V. karroo is used for chemical products, forage, domestic uses, environmental management, fibre, food, drink, and wood. The tough wood is white to slightly yellowish in colour, rarely producing dark brown heartwood. It is widely cultivated in Asia, Australia, the Mediterranean region, India and the Indian Ocean area. The large thorns mean that the tree must be approached, and the branches handled, carefully.

===Food===
As is common in acacias, edible gum seeps from cracks in the tree's bark, and is an important part of the bushbaby's winter diet. The gum can be used to manufacture sweets (see Gum arabic) and used to have economic importance as "Cape Gum". In dry areas, the tree's presence is a sign of water, both above and underground.

=== Forage and fodder ===
The tree is especially useful as forage and fodder for domestic and wild animals. Apparently, there is no risk of poisoning from it. Goats seem to like V. karroo better than cattle. The small pom-pom shaped yellow flowers are attractive in mid-summer. The flowers make it a very good source of forage for honey bees; honey from it has a pleasant taste.

===Wood and bark===
V. karroo is an excellent source of firewood and charcoal.
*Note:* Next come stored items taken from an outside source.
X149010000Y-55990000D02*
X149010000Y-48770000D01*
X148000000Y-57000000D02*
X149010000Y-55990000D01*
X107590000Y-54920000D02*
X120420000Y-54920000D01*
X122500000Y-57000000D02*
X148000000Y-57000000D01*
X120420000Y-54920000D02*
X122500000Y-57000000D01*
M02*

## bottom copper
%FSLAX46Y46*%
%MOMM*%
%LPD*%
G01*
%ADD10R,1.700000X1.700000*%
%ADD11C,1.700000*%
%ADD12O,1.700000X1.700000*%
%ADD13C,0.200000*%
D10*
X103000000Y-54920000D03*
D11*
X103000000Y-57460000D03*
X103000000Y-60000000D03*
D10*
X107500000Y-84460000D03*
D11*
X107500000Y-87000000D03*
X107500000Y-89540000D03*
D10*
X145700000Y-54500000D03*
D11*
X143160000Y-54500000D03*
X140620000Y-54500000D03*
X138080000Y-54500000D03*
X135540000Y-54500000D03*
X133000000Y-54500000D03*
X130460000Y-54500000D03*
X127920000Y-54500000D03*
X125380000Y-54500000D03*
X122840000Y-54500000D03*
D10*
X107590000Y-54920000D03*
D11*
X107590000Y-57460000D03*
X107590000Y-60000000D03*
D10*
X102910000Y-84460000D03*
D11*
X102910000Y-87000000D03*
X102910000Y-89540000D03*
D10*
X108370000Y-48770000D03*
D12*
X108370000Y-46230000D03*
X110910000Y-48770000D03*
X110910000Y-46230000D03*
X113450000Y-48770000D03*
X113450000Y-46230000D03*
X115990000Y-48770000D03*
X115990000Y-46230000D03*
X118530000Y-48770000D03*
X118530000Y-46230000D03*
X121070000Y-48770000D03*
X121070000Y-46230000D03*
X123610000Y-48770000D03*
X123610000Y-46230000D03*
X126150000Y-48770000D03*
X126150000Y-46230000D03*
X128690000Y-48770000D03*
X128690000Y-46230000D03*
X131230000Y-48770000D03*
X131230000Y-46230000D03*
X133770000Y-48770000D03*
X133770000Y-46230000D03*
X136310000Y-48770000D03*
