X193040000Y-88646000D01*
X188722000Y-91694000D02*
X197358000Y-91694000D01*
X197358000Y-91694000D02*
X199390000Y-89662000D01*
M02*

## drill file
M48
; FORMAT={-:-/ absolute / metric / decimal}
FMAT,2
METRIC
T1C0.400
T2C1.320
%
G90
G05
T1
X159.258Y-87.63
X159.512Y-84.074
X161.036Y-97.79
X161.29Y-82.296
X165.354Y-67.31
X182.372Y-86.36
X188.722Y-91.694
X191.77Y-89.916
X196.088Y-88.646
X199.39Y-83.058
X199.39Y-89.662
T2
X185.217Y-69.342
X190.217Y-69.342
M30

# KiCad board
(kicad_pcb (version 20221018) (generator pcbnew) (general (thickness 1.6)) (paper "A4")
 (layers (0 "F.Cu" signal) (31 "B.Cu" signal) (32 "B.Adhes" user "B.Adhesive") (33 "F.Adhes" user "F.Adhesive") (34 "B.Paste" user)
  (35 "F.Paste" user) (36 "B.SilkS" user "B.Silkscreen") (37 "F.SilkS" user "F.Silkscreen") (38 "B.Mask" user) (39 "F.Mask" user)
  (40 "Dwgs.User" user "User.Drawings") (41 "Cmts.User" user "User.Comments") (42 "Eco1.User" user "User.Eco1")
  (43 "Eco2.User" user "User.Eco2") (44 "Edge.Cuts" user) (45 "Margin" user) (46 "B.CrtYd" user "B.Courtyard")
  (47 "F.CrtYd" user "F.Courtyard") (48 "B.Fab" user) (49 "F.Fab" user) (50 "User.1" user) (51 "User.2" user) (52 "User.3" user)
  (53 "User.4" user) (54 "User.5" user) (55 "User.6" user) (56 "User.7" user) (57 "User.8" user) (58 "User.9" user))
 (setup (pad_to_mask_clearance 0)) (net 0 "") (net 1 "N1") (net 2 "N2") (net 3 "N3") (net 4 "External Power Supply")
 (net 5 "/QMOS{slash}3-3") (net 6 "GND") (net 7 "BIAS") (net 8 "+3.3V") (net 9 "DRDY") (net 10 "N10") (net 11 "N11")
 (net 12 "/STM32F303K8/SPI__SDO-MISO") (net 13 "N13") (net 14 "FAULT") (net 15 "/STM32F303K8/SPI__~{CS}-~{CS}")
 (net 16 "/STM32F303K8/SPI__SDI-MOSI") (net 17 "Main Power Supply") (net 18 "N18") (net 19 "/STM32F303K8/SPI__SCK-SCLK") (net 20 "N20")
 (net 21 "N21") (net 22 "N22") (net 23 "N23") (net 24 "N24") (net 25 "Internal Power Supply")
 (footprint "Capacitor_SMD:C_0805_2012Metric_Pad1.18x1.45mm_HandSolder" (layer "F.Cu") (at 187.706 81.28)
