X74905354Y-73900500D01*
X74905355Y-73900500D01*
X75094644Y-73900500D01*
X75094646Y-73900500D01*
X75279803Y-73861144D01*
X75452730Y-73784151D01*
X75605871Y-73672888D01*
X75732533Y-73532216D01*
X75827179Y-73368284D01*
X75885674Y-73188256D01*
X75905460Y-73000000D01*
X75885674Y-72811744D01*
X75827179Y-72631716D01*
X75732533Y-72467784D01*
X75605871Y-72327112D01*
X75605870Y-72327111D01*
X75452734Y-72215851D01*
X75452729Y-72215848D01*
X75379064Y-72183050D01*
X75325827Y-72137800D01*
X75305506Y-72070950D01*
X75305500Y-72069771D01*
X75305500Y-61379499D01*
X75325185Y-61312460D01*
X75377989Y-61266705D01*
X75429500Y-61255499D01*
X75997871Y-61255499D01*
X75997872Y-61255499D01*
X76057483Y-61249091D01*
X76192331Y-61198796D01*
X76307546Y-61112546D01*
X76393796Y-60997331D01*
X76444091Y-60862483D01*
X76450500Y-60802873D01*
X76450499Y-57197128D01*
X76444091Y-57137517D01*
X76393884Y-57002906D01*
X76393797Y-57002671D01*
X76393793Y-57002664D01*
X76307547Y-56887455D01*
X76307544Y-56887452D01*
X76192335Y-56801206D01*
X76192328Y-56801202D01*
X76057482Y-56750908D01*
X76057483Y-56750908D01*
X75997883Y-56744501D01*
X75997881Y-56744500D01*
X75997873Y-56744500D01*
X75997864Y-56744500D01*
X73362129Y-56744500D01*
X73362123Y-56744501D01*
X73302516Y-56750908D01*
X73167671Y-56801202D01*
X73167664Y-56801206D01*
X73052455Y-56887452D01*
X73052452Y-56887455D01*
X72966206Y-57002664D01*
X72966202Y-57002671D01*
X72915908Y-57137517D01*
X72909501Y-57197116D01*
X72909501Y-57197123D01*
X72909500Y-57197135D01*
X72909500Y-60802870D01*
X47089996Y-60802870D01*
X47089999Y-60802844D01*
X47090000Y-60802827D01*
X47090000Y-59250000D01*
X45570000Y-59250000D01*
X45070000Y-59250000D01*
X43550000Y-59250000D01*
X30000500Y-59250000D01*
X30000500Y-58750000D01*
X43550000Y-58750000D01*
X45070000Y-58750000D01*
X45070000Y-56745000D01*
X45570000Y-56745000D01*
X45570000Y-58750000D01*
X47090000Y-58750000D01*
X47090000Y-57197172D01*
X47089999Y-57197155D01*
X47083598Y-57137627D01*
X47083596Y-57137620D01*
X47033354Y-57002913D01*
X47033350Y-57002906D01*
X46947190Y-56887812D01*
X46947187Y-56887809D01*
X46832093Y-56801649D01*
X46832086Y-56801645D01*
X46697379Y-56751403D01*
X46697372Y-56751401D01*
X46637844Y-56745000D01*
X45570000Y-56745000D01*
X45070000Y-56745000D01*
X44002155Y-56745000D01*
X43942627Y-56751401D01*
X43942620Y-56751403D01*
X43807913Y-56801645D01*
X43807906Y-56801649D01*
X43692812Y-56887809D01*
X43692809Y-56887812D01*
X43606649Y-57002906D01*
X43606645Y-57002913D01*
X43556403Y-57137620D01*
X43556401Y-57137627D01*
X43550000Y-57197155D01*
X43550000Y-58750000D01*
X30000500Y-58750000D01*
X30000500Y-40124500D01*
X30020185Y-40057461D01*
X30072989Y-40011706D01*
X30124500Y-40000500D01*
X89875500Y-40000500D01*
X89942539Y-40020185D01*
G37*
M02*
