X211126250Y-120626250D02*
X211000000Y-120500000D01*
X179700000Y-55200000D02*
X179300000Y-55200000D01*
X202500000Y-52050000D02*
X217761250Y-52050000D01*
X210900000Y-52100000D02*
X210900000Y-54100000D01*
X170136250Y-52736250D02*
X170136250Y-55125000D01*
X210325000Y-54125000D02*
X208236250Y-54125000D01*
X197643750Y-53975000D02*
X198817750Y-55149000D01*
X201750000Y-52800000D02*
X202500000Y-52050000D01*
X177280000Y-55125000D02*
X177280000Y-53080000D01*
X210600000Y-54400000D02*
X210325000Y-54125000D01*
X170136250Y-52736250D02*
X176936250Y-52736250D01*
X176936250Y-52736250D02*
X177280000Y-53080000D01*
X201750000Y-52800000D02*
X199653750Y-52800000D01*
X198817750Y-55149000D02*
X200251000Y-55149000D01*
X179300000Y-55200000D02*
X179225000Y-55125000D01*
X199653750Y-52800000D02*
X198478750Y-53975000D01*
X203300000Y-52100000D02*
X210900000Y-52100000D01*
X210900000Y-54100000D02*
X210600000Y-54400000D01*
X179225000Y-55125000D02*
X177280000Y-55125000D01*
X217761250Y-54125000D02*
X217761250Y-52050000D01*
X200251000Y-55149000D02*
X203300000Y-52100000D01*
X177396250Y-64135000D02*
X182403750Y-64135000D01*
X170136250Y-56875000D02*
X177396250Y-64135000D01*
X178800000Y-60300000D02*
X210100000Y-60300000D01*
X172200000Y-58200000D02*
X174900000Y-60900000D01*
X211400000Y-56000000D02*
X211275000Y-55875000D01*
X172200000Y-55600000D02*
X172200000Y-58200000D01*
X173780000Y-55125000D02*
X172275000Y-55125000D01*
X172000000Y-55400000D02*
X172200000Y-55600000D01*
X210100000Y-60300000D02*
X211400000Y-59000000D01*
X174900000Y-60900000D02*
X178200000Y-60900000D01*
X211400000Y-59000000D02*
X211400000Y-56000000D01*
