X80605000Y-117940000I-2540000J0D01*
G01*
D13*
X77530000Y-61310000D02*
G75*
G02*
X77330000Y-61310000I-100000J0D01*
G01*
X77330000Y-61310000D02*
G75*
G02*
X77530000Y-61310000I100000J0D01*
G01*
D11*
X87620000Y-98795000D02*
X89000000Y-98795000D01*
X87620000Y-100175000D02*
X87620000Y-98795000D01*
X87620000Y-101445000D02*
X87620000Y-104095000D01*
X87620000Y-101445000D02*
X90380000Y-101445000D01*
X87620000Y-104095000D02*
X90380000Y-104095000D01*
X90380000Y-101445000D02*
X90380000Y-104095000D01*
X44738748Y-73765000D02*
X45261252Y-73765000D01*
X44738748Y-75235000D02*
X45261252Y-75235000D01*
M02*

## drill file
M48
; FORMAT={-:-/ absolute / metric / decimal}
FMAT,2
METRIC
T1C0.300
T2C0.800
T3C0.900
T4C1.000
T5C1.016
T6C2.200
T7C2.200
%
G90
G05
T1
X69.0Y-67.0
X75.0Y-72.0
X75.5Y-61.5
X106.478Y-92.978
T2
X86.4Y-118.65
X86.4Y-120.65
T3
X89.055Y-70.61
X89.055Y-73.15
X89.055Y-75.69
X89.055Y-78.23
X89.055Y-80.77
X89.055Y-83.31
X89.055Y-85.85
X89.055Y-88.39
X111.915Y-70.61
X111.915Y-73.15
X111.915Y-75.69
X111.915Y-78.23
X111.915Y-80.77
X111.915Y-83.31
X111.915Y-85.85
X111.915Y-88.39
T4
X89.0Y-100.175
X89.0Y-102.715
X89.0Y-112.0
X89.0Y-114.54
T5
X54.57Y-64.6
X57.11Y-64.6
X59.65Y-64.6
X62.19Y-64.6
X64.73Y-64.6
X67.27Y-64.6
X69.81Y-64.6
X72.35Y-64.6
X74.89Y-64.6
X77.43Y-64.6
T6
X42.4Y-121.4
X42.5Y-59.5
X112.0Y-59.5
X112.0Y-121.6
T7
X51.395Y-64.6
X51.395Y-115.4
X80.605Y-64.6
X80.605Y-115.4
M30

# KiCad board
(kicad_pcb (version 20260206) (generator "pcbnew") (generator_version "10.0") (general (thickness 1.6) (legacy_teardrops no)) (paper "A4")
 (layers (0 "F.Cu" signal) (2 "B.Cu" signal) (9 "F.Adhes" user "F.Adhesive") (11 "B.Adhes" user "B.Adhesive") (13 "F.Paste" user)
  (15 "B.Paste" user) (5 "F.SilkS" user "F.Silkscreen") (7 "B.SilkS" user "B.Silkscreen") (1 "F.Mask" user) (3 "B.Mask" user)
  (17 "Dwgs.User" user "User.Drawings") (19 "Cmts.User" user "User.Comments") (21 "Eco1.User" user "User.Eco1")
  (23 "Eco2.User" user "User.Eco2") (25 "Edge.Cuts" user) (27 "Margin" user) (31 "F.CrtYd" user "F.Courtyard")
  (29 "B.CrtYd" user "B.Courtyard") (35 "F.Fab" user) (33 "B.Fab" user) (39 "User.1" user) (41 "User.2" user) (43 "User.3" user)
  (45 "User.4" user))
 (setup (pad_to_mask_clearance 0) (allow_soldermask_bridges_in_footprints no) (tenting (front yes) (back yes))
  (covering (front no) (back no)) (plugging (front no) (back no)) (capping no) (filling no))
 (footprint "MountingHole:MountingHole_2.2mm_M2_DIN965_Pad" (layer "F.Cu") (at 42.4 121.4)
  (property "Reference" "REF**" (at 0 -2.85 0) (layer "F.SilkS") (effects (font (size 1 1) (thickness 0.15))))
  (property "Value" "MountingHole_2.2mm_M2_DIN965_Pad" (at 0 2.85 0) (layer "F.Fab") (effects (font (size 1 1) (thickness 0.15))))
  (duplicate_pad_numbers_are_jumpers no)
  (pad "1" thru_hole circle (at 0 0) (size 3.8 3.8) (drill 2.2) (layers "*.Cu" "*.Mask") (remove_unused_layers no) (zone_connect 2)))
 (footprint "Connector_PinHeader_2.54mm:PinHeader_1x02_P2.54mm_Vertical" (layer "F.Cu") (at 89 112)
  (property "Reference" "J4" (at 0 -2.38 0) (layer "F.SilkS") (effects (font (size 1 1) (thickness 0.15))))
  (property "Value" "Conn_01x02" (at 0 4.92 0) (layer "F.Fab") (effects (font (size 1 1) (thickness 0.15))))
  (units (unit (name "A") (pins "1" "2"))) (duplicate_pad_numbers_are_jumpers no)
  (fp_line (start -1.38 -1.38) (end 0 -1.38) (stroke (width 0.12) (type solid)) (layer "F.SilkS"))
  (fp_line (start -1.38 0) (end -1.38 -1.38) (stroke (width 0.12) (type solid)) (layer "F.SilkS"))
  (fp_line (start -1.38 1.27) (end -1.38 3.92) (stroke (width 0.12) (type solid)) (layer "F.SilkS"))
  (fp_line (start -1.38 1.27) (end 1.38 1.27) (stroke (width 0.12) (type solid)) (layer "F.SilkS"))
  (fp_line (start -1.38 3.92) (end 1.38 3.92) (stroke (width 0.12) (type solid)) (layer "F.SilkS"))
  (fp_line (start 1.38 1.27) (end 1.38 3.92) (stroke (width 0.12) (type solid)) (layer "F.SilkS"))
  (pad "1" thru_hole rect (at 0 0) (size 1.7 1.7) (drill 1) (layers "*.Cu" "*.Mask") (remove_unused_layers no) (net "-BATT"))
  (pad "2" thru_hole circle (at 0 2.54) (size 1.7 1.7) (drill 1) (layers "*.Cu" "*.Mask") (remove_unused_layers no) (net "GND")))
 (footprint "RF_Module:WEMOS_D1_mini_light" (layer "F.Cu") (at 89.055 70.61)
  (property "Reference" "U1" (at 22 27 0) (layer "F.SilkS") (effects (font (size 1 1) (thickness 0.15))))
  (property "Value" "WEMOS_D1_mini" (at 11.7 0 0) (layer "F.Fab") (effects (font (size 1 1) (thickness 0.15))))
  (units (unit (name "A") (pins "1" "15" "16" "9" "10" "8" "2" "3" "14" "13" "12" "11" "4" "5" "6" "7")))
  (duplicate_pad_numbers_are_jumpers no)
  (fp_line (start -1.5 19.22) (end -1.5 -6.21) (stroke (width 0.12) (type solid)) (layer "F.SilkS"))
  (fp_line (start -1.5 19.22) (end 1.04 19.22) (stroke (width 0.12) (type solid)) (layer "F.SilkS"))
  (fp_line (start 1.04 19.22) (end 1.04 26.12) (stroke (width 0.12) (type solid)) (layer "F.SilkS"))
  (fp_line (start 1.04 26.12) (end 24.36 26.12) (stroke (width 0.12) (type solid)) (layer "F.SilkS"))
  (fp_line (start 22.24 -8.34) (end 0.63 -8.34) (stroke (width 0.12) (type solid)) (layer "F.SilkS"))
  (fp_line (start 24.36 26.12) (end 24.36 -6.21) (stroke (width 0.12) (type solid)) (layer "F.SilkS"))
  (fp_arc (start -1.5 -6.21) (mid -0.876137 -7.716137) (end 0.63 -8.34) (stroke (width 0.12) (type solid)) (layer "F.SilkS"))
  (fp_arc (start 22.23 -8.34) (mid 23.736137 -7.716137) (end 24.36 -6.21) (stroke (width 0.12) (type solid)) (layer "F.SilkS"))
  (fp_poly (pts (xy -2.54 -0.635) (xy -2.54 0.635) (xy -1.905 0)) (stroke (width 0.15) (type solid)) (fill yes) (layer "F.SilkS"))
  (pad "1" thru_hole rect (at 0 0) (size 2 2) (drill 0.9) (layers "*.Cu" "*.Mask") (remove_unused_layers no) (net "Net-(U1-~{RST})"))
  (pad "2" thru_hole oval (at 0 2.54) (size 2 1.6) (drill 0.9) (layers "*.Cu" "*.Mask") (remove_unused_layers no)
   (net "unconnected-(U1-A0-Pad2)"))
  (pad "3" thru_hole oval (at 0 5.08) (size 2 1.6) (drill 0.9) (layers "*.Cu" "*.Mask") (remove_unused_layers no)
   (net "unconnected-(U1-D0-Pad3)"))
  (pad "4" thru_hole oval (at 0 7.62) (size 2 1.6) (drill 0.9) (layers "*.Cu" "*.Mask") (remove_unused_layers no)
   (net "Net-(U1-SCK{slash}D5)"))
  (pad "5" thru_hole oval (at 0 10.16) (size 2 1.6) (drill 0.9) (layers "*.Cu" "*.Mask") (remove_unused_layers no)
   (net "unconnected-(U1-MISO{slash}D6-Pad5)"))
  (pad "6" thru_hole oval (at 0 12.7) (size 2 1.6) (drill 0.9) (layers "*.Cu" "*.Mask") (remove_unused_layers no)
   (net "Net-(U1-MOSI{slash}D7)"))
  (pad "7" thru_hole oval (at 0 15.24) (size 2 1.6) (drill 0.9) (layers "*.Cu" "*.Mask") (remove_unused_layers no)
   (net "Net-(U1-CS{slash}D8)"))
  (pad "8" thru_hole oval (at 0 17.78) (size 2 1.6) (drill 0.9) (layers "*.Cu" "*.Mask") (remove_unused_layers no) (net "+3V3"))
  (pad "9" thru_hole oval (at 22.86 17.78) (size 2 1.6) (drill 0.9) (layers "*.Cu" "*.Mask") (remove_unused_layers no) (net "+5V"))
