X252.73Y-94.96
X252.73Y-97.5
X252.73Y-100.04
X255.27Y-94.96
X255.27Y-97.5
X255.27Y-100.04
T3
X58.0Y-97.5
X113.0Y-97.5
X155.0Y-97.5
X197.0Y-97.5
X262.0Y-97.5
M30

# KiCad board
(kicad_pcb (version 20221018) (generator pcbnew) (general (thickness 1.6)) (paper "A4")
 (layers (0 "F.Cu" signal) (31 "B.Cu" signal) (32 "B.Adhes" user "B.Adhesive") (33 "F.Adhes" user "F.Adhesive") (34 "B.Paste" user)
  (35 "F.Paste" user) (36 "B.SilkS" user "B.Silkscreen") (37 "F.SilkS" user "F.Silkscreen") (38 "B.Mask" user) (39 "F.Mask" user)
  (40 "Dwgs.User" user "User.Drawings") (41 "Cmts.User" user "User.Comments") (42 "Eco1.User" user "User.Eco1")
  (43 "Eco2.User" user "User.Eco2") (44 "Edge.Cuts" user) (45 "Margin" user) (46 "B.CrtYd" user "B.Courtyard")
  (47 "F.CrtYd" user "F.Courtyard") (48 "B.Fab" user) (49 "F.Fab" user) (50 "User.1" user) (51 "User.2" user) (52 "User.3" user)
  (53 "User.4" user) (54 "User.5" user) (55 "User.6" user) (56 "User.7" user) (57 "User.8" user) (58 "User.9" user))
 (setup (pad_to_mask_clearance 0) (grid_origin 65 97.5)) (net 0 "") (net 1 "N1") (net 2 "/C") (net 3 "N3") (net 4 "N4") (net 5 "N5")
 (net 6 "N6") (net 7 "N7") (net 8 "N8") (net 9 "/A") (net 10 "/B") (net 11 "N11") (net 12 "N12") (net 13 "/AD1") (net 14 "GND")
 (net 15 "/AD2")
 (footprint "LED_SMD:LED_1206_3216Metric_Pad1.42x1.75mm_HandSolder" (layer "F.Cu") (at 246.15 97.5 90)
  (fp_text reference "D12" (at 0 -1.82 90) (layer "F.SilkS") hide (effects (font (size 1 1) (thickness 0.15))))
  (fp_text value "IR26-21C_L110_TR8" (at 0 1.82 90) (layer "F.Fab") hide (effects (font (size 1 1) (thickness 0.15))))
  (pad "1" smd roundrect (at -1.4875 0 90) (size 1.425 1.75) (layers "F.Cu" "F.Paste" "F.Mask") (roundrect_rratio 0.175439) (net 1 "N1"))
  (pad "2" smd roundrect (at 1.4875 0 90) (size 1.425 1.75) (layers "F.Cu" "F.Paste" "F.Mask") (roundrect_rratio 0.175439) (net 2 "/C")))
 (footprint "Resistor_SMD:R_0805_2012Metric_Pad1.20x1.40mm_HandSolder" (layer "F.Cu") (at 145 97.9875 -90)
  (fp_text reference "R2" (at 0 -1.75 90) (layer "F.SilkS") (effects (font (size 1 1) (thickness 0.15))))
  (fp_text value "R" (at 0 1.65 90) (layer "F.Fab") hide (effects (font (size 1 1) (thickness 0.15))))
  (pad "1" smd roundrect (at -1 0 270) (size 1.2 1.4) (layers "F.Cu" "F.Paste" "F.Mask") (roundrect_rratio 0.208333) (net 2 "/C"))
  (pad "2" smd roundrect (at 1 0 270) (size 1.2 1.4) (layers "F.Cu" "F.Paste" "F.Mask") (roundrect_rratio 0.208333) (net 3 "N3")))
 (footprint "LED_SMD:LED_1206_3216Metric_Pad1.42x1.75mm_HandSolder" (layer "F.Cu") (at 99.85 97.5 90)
The wood is also used for fencing posts for cattle byres or kraals. The heartwood has a density of about 800 kg/m^{3}. A tough rope can be made from the inside bark of the tree.

===Traditional medicine===

This species, especially the bark (which can be chewed safely), is also used to treat oral thrush and ulcers. The roots are also used medicinally. They may be chewed for use as an aphrodisiac or powdered and used for dizziness. The gum, bark and leaves have been used as a soothing agent and astringent for colds, conjunctivitis and hemorrhage in other regions of Southern Africa. The bark and leaves have also been used to treat convulsions and stomach problems (including nausea) and as a coagulant.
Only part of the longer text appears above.